Дыхание бездны - Имранов Андрей 25 стр.


Понял Эурген, что не убедить ему старого тойона. Расстроился, обиделся на него, хотел даже на бой вызвать, но хитрый Нанкачгат понимал Эургена лучше, чем даже он сам себя.

- Прости, - сказал Нанкачгат, - виноват я, слова не сдержал, что вместе в Анадырск пойдем. Вот, возьми подарок, а о вине моей забудь.

И крикнул кому-то снаружи яранги. Распахнулся полог, и шагнула в ярангу женщина, при виде которой Эурген дар речи потерял.

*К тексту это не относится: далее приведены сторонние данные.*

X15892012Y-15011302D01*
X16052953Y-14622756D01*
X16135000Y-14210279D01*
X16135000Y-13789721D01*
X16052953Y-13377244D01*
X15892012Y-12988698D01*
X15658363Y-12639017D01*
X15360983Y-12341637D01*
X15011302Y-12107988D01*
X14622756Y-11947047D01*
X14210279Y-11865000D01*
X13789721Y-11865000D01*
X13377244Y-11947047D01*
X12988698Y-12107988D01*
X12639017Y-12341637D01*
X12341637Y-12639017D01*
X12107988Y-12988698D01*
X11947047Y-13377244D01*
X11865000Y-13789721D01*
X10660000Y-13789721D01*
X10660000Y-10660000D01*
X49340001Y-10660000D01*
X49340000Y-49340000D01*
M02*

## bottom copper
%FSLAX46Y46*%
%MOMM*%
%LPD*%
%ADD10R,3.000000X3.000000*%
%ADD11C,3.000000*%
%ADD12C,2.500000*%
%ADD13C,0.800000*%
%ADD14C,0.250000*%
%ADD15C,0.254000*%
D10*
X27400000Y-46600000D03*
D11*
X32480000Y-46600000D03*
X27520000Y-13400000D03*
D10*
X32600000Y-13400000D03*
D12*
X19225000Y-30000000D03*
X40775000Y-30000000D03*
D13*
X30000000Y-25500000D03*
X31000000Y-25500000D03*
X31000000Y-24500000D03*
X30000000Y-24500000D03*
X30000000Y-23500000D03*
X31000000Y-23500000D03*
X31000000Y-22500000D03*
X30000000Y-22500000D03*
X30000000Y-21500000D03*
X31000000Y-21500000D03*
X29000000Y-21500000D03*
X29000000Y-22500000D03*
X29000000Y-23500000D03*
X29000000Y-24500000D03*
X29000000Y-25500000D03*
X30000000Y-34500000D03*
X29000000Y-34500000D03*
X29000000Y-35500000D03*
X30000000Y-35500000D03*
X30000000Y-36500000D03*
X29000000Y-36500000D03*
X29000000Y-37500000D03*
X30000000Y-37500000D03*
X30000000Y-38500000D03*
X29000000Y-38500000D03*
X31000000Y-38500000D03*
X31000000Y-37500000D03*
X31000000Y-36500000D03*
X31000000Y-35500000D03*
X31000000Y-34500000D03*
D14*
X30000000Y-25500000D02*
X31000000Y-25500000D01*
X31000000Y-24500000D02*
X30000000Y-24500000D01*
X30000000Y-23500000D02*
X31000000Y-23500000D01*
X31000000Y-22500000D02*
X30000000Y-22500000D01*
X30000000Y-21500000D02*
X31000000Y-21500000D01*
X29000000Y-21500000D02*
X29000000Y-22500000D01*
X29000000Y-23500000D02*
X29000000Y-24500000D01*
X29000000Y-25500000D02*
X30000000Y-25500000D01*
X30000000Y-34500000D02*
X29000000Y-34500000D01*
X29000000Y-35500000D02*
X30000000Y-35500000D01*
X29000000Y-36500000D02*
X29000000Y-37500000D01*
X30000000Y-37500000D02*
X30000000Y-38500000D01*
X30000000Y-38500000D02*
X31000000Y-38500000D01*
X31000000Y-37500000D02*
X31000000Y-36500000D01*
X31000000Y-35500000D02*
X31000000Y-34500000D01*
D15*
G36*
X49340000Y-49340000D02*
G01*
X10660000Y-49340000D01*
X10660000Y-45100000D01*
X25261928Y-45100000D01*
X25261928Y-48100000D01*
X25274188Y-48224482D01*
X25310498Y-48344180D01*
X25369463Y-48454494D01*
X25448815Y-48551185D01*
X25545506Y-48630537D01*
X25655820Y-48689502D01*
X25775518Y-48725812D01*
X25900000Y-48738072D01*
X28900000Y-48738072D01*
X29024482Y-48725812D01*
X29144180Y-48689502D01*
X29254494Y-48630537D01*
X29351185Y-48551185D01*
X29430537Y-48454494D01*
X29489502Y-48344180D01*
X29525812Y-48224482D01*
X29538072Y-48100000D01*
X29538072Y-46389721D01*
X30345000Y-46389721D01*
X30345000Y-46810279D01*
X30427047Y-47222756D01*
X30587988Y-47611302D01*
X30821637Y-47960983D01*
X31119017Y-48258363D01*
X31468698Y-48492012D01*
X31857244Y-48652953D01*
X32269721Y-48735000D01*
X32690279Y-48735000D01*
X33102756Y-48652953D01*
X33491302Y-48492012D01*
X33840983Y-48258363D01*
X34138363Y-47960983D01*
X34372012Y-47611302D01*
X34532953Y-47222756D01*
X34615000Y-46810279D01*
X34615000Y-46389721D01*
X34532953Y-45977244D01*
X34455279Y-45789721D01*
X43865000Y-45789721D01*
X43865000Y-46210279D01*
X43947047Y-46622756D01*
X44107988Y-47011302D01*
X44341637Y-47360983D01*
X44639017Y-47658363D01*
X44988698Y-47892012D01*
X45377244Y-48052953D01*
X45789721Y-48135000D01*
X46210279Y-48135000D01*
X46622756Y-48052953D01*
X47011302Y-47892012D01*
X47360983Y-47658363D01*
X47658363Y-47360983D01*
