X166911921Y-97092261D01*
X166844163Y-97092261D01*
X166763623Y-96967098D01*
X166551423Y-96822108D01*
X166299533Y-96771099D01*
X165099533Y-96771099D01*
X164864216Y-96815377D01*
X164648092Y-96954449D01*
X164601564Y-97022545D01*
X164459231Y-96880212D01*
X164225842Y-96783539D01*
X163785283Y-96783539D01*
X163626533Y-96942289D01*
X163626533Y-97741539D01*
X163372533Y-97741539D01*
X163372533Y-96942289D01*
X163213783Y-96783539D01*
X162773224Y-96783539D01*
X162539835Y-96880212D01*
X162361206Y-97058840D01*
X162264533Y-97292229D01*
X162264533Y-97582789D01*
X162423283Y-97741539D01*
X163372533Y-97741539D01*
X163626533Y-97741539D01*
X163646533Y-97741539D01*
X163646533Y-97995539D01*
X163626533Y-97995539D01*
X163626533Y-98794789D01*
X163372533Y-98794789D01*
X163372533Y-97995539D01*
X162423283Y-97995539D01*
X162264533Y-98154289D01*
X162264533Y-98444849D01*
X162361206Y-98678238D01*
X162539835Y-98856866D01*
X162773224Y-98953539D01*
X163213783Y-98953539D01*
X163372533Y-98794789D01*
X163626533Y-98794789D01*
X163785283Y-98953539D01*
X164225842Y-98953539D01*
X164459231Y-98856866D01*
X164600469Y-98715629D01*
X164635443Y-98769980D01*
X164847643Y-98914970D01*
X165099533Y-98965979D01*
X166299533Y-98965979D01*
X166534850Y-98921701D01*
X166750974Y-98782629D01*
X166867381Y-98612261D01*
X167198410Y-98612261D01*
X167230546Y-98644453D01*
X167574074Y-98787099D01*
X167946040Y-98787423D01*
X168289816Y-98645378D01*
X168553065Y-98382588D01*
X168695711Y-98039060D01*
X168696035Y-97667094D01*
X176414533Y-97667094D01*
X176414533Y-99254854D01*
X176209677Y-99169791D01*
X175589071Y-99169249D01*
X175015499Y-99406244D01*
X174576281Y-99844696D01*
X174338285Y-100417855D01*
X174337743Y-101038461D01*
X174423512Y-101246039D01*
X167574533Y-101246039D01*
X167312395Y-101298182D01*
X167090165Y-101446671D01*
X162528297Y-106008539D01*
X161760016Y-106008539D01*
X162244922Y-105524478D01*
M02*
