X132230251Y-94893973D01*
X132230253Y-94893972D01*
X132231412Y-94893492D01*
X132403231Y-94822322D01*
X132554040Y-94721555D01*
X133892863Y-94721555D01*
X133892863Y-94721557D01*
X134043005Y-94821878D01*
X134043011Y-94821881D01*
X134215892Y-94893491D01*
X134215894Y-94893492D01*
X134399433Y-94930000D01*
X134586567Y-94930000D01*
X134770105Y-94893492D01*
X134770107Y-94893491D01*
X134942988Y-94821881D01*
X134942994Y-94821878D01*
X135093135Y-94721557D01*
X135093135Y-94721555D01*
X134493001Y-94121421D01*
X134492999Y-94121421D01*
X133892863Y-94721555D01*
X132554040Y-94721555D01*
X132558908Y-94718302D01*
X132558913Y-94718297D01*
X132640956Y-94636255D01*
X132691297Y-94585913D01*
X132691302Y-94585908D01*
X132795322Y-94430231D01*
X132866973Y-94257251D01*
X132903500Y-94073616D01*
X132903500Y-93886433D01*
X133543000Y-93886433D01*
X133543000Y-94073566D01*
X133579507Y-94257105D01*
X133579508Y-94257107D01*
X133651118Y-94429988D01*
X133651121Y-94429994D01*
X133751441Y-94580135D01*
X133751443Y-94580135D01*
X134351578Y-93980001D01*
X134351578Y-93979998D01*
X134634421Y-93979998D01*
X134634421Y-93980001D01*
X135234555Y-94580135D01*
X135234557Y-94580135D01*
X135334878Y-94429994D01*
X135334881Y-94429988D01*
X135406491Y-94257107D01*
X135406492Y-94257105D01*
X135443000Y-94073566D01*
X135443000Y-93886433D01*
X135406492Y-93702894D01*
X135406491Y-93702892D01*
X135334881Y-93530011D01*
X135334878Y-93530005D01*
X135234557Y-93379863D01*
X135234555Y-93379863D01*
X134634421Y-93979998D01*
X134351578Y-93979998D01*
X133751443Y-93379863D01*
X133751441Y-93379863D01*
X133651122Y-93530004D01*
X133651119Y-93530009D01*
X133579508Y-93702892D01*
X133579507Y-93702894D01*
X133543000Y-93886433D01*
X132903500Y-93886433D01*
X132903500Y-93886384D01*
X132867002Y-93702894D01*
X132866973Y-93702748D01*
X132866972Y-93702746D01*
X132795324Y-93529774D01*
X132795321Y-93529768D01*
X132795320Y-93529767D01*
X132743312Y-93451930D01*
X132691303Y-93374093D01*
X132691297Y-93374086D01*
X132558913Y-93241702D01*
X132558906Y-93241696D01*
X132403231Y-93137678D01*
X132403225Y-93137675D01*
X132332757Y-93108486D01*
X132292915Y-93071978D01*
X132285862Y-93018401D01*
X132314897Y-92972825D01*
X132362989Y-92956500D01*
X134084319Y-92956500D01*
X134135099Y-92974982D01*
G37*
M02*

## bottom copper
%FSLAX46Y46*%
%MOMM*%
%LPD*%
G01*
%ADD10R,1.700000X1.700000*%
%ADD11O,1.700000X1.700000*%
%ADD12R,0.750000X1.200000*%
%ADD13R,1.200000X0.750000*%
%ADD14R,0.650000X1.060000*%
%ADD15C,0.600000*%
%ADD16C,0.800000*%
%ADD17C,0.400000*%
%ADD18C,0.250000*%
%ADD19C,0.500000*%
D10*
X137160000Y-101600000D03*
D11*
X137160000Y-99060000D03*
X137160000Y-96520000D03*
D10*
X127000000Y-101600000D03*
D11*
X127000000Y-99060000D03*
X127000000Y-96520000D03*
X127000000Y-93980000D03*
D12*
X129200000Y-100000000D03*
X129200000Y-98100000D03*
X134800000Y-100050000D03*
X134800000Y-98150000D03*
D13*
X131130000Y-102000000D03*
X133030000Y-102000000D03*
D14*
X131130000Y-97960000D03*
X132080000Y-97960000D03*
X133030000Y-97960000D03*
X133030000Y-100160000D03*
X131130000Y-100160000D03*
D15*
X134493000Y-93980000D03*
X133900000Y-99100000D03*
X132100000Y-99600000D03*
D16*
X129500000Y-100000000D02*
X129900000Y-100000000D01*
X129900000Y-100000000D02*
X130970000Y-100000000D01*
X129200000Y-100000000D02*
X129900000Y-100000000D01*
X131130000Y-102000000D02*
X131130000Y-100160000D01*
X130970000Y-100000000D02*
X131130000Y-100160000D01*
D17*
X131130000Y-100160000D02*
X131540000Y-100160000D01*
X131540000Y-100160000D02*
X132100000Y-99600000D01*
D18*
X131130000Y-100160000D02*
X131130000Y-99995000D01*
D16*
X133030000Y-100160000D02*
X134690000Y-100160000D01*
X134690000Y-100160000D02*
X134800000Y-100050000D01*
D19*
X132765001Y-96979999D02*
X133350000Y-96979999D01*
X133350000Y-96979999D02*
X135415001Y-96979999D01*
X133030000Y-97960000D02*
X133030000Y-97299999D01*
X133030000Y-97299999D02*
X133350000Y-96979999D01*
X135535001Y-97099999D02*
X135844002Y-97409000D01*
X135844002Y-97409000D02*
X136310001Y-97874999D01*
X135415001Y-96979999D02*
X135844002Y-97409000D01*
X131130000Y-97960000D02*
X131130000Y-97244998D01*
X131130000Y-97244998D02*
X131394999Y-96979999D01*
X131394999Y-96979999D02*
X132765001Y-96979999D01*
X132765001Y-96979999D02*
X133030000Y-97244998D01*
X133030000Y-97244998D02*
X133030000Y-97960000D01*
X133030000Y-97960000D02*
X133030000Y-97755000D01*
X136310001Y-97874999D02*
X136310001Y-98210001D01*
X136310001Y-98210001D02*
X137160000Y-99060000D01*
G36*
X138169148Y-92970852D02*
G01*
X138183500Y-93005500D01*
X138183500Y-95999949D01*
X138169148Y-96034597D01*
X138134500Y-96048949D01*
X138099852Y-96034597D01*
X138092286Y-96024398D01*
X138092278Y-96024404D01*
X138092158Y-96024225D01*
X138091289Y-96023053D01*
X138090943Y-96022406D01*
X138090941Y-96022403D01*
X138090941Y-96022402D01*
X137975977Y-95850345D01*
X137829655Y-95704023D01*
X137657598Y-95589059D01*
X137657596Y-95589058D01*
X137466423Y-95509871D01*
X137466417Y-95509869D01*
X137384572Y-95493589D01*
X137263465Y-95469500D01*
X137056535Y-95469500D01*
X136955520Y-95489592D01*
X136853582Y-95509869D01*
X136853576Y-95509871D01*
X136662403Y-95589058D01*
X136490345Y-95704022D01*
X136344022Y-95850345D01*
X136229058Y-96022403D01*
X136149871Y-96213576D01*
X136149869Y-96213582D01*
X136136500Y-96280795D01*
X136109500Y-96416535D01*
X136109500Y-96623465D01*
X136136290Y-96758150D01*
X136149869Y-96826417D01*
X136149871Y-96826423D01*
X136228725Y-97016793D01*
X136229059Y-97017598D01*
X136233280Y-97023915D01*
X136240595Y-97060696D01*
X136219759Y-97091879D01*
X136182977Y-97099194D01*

- Како! - сказал, наконец, удивленно, - кто она, Нанкачгат? Дух или человек? Если дух, то почему так на человека похож? Если человек, то почему кожа её черна, как ночь?

Улыбнулся Нанкачгат.

- Не дух это, женщина. Поморские чоучи из Кигини ходили прошлым летом набегом на заморских таньги и взяли эту женщину добычей среди прочих. Я сорок важенок за неё дал и пятерых ездовых оленей. Хорошая женщина, хорошо тебе служить будет.

Посмотрел Нанкачгат на ошарашенного Эургена, улыбнулся еще раз и вышел.

И снова время спрессовалось для Тыгрынкээва. Видел он, как дни сменялись днями, как кочевали стада оленей по тундре, как нападали чоучи на селения юкагиров, как угоняли их скот и женщин. Много дней прошло - весна сменяла зиму, зимой заканчивалась осень. В какой-то момент почувствовал Тыгрынкээв, что не один он наблюдает за тем, что когда-то происходило на землях чоучей.

- Здравствуй, Вуквуввэ, - поздоровался Тыгрынкээв, - что же, так и кончилась та война?

- Нет, - ответил дух давно умершего великого шамана, - смотри.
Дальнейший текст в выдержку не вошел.